El viernes asistí en Benavente a la Jornada Técnica sobre Interculturalidad, organizada por la Universidad Nacional de Educación a Distancia (Uned) y el Ayuntamiento de la ciudad. En el encuentro tuve la ocasión de conocer y compartir el tiempo con antiguos estudiantes de Trabajo Social, con políticos de la zona que han abandonado la primera fila de las organizaciones que en otros tiempos acogieron sus ideas y con personas desconocidas para mí que, sin embargo, contribuyeron a enriquecer las experiencias de quien esto escribe. A fin y al cabo, compartir el tiempo con ciudadanos de otras latitudes, culturas y religiones es un plus que ojalá todos pudiéramos aprovechar y saborear con mucha más frecuencia. Porque de los encuentros con los demás siempre se sale reforzado, siempre, claro está, que la actitud hacia los otros sea de apertura y de diálogo.

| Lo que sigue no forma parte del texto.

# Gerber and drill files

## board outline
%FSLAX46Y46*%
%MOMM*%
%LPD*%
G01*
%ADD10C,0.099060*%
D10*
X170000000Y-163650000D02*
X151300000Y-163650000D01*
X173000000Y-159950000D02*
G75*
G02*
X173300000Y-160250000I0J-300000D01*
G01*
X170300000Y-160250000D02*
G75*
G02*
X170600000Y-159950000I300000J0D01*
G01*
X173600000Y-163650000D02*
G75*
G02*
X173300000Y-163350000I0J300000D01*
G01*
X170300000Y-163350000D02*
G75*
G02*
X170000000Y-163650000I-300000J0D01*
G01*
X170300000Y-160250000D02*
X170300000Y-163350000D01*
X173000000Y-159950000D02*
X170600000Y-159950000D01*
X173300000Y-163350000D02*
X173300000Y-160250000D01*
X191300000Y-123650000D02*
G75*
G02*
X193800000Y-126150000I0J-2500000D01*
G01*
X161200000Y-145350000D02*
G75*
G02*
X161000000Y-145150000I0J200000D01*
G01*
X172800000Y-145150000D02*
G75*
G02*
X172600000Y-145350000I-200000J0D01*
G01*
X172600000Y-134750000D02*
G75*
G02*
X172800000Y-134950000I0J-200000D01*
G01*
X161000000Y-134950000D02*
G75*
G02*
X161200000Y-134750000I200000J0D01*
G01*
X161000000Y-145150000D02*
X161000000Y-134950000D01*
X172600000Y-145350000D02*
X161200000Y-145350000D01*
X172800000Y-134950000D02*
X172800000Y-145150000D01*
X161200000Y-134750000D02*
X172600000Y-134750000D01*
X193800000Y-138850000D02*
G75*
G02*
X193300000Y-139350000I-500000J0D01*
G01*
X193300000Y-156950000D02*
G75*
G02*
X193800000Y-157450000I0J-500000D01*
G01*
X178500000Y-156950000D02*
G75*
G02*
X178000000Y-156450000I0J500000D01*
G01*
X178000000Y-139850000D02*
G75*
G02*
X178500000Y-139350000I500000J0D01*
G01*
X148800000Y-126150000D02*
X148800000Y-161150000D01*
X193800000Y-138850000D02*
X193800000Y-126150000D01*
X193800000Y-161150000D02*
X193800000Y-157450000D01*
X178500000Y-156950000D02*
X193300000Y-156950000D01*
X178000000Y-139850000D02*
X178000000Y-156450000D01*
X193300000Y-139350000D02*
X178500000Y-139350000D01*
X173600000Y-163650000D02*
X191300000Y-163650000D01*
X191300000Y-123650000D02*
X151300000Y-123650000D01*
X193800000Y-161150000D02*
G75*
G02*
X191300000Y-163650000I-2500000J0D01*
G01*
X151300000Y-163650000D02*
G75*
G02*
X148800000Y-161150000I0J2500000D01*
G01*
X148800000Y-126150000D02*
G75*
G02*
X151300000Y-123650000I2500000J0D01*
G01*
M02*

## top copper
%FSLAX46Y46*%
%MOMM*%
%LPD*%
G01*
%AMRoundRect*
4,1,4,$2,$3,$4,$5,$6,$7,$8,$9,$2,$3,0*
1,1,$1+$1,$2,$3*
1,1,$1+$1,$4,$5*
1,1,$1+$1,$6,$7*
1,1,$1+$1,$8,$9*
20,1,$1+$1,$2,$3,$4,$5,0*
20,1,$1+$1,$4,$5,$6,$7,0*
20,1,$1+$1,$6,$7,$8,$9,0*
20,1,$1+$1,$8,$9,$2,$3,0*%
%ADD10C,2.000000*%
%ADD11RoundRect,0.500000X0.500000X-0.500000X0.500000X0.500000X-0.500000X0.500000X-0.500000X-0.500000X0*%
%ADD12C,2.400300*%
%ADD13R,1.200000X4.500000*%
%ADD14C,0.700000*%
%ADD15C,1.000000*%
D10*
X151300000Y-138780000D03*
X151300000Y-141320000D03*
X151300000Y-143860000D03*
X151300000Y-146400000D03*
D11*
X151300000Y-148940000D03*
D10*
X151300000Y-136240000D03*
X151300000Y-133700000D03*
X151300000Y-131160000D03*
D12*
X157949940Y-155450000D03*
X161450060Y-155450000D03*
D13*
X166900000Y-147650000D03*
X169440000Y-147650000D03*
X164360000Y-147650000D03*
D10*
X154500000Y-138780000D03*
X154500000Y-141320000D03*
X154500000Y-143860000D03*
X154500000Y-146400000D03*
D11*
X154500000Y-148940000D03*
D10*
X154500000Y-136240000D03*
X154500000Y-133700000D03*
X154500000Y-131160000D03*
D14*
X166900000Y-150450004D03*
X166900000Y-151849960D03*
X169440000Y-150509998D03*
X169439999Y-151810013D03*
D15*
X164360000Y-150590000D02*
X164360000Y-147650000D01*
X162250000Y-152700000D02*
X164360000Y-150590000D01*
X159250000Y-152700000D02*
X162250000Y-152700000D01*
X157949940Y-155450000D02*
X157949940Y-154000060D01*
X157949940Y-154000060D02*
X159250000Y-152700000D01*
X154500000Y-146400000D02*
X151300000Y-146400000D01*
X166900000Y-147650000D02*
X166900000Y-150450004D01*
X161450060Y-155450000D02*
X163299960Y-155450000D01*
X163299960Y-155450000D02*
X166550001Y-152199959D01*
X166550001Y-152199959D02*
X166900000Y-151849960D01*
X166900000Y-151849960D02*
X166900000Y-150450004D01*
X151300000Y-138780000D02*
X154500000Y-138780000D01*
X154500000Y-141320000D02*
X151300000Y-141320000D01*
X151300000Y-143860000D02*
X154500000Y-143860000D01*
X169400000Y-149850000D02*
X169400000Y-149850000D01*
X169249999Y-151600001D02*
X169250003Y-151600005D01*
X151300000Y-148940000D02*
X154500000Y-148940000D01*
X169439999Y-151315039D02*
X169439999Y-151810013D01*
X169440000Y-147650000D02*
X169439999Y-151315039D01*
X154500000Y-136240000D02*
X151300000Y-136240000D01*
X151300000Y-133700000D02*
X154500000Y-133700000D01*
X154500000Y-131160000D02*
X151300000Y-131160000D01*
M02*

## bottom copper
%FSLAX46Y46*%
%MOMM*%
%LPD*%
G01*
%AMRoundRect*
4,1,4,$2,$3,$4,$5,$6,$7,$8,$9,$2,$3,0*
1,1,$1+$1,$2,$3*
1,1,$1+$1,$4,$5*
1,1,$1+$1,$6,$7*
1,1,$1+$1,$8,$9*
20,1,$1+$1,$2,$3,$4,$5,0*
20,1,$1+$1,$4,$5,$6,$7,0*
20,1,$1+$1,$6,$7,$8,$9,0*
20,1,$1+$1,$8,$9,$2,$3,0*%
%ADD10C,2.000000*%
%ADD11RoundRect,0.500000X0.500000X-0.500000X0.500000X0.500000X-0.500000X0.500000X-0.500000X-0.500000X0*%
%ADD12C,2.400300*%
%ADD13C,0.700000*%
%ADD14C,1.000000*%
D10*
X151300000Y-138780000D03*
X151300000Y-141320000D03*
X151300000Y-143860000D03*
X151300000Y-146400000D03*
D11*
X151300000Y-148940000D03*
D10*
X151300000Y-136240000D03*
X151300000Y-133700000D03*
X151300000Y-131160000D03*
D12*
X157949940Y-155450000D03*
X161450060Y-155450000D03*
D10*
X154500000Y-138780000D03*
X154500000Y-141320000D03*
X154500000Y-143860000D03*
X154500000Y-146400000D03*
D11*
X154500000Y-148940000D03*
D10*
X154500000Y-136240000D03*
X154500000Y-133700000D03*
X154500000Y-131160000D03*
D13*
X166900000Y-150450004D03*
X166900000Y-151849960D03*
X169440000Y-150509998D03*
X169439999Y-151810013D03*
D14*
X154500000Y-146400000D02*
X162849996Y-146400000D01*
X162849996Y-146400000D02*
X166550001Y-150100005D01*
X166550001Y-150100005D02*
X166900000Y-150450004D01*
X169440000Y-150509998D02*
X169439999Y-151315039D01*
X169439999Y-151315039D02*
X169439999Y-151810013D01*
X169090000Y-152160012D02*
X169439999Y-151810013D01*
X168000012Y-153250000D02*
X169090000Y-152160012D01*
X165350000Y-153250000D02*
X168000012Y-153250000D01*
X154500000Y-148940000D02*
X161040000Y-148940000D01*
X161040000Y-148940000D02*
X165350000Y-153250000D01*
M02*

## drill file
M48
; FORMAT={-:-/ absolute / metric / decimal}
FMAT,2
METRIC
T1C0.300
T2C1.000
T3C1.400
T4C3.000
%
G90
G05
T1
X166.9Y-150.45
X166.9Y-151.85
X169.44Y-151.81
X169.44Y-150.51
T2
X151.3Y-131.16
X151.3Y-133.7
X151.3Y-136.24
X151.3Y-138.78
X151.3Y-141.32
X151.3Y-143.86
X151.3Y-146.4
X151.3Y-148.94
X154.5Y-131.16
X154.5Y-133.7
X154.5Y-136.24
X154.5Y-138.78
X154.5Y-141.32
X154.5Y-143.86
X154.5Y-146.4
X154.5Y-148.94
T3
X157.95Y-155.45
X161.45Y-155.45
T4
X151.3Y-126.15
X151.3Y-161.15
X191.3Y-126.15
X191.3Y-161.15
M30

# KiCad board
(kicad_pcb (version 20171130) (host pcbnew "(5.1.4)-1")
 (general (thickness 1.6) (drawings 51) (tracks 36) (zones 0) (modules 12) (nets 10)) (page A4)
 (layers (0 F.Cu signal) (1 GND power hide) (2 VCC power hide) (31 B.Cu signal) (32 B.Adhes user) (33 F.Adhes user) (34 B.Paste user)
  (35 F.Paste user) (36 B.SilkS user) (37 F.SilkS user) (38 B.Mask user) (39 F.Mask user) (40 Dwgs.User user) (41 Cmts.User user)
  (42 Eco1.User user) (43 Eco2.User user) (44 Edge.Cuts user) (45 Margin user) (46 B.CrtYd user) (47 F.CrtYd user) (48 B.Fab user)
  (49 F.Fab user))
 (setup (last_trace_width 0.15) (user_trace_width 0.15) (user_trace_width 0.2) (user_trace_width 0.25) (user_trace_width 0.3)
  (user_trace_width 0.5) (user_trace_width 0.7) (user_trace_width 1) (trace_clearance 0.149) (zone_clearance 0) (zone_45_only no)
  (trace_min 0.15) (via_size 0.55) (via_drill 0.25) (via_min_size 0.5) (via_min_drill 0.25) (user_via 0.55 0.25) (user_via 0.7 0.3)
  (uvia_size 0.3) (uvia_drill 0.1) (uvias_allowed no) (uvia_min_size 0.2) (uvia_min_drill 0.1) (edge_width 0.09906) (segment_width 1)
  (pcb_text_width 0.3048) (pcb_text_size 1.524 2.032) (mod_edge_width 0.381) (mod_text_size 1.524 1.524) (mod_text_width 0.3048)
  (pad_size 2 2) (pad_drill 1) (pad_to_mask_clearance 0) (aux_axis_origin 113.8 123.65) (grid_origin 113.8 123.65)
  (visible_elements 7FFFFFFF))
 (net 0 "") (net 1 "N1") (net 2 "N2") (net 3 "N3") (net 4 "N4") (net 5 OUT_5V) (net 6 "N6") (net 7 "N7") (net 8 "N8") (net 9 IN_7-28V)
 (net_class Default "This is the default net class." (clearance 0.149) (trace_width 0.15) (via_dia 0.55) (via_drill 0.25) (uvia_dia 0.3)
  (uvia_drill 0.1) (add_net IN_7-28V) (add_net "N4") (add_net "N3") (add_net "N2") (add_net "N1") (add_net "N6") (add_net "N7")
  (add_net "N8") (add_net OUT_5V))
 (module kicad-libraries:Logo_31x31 (layer B.Cu) (at 178.8 127.95 180)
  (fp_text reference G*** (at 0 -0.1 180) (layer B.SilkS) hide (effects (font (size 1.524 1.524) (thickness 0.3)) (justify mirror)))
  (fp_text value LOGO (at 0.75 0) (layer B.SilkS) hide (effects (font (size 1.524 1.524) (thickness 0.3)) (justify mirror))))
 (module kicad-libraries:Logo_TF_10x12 (layer F.Cu) (at 181.3 131.65)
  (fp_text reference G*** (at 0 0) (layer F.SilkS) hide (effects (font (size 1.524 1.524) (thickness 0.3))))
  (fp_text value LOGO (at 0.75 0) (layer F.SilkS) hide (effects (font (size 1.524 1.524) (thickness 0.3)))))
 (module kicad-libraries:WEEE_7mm (layer B.Cu) (at 170.7 129.05 180)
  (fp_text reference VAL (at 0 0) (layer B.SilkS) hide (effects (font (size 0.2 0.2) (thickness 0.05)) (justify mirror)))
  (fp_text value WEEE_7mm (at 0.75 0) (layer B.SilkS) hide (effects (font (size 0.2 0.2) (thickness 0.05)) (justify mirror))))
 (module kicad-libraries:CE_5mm (layer B.Cu) (at 164 128.75 180)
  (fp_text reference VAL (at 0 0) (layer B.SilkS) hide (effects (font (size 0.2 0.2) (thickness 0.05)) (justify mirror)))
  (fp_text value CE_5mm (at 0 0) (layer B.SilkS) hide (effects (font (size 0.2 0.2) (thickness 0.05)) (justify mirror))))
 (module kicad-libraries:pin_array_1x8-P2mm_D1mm (layer F.Cu) (at 151.3 140.05 90)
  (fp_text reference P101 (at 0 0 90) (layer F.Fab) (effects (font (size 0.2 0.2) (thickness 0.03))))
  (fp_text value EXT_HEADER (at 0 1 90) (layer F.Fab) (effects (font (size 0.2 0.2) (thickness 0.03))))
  (pad 5 thru_hole circle (at 1.27 0 90) (size 2 2) (drill 1) (layers *.Cu *.Mask) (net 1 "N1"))
  (pad 4 thru_hole circle (at -1.27 0 90) (size 2 2) (drill 1) (layers *.Cu *.Mask) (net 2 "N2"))
  (pad 3 thru_hole circle (at -3.81 0 90) (size 2 2) (drill 1) (layers *.Cu *.Mask) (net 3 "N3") (zone_connect 1) (thermal_width 0.7)
   (thermal_gap 0.2))
  (pad 2 thru_hole circle (at -6.35 0 90) (size 2 2) (drill 1) (layers *.Cu *.Mask) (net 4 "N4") (zone_connect 1) (thermal_width 0.7)
   (thermal_gap 0.2))
  (pad 1 thru_hole roundrect (at -8.89 0 90) (size 2 2) (drill 1) (layers *.Cu *.Mask) (roundrect_rratio 0.25) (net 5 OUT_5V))
  (pad 6 thru_hole circle (at 3.81 0 90) (size 2 2) (drill 1) (layers *.Cu *.Mask) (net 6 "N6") (zone_connect 1) (thermal_width 0.7)
   (thermal_gap 0.2))
  (pad 7 thru_hole circle (at 6.35 0 90) (size 2 2) (drill 1) (layers *.Cu *.Mask) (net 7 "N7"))
  (pad 8 thru_hole circle (at 8.89 0 90) (size 2 2) (drill 1) (layers *.Cu *.Mask) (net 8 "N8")))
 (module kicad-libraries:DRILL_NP (layer F.Cu) (at 151.3 126.15)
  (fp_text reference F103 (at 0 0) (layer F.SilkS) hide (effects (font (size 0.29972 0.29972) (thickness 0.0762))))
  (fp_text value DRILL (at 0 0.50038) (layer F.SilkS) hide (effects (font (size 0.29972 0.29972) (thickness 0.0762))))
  (pad "" np_thru_hole circle (at 0 0) (size 2.99974 2.99974) (drill 2.99974) (layers *.Cu *.Mask F.SilkS) (clearance 0.89916)))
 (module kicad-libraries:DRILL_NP (layer F.Cu) (at 151.3 161.15)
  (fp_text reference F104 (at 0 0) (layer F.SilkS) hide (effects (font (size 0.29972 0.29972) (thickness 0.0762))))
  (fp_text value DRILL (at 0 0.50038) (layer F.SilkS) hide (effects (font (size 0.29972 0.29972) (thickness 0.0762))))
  (pad "" np_thru_hole circle (at 0 0) (size 2.99974 2.99974) (drill 2.99974) (layers *.Cu *.Mask F.SilkS) (clearance 0.89916)))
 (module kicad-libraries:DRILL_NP (layer F.Cu) (at 191.3 161.15)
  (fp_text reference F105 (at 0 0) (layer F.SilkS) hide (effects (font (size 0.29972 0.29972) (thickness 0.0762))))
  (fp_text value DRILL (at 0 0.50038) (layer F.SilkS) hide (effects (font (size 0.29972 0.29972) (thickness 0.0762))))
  (pad "" np_thru_hole circle (at 0 0) (size 2.99974 2.99974) (drill 2.99974) (layers *.Cu *.Mask F.SilkS) (clearance 0.89916)))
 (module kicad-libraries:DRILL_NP (layer F.Cu) (at 191.3 126.15)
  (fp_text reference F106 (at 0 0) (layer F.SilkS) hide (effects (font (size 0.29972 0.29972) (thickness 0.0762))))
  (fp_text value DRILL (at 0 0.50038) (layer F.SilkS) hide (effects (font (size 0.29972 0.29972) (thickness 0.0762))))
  (pad "" np_thru_hole circle (at 0 0) (size 2.99974 2.99974) (drill 2.99974) (layers *.Cu *.Mask F.SilkS) (clearance 0.89916)))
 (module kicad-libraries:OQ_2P (layer F.Cu) (at 159.7 155.45)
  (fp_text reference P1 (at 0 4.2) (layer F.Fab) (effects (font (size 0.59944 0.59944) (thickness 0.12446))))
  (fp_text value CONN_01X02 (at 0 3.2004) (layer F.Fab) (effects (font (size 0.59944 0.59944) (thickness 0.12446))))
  (pad 1 thru_hole circle (at -1.75006 0) (size 2.4003 2.4003) (drill 1.39954) (layers *.Cu *.Mask F.SilkS) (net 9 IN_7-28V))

En la jornada impartí la conferencia inaugural. La temática no era nueva: "Radiografía de la población de Benavente: problemas, retos y oportunidades". Para abrir boca, lancé a los oyentes la misma pregunta que siempre formulo en encuentros, cursos o jornadas similares: que expresen rápidamente qué se les viene a la cabeza cuando piensan en Zamora. Y las respuestas, como en otras ocasiones, fueron coincidentes: despoblación, abandono, falta de oportunidades, emigración, pasividad, etc. No obstante, en el caso del pasado viernes, me llamó la atención la respuesta de una chica, incidiendo en que también en estas tierras hay posibilidades. Y efectivamente, quienes mantenemos el discurso de mostrar la botella medio llena sin ocultar que también está medio vacía, como es mi caso, preferimos incidir en las posibilidades de poner en marcha iniciativas de desarrollo antes que insistir, una y otra vez, en los problemas que conviven con nosotros. Problemas que existen y que nunca deben ocultarse, pero que, ¡ay!, no deben ocupar todo nuestro tiempo.

Porque centrar todas nuestras energías en lamentar lo mal que estamos y, a renglón seguido, no hacer nada, es poco útil. Lo mismo que insistir, una y otra vez, que el envejecimiento es la estampa cotidiana de la mayoría de nuestros pueblos, que los jóvenes siguen emigrando porque aquí no pueden ganarse las habichuelas o que, si nadie lo remedia, estamos condenados a la extinción. ¿De qué sirve la queja permanente si no va acompañada de una reacción por parte de quienes tienen en sus manos impulsar un cambio económico, social y político? ¿Para qué lamentarse si, a renglón seguido, miramos para otro lado y somos incapaces de poner encima de la mesa propuestas para la acción? ¿O es que acaso son los demás quienes deben actuar y que, por el contrario, no está en nuestras manos la posibilidad de cambiar el rumbo de los acontecimientos? La historia de la humanidad está repleta de infinidad de situaciones difíciles que pudieron cambiarse. Pero para eso se necesita no solo quejarse, que casi siempre está muy bien, sino tomar conciencia y actuar.